Dataset entries:
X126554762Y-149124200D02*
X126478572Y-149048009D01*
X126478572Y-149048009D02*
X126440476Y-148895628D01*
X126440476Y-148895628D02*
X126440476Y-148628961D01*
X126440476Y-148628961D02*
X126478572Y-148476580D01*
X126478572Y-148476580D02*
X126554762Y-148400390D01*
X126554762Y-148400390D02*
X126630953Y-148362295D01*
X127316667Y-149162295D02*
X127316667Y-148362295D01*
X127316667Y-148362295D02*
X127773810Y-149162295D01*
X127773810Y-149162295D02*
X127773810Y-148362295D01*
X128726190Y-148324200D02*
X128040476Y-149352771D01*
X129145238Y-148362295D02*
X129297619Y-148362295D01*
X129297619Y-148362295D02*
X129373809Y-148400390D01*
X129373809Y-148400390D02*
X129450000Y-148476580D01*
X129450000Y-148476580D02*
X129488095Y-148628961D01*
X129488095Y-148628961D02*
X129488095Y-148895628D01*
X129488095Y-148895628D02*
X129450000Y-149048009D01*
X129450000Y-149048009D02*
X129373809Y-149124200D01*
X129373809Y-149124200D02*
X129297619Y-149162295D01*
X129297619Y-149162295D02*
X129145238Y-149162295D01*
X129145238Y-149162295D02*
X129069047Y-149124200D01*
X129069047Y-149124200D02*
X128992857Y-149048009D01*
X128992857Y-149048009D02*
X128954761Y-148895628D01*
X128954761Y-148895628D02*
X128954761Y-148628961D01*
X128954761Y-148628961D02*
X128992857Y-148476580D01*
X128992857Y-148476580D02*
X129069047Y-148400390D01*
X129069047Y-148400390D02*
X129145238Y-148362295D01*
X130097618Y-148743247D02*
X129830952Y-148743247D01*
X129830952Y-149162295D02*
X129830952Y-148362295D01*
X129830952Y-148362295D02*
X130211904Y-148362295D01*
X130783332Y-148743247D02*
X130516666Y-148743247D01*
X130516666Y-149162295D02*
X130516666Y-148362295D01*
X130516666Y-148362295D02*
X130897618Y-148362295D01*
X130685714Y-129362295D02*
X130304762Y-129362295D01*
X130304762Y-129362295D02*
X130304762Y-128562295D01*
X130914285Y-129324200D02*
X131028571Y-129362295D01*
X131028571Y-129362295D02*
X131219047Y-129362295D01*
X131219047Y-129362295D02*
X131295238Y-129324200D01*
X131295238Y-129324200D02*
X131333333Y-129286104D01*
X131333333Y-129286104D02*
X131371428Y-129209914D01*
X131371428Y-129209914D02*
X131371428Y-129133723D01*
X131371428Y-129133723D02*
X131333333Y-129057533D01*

## What is required
Going from the line that contains "X131295238Y-129324200D01*" to the last line of the records, reproduce every line as written.

## Answer area
X131295238Y-129324200D01*
X131295238Y-129324200D02*
X131333333Y-129286104D01*
X131333333Y-129286104D02*
X131371428Y-129209914D01*
X131371428Y-129209914D02*
X131371428Y-129133723D01*
X131371428Y-129133723D02*
X131333333Y-129057533D01*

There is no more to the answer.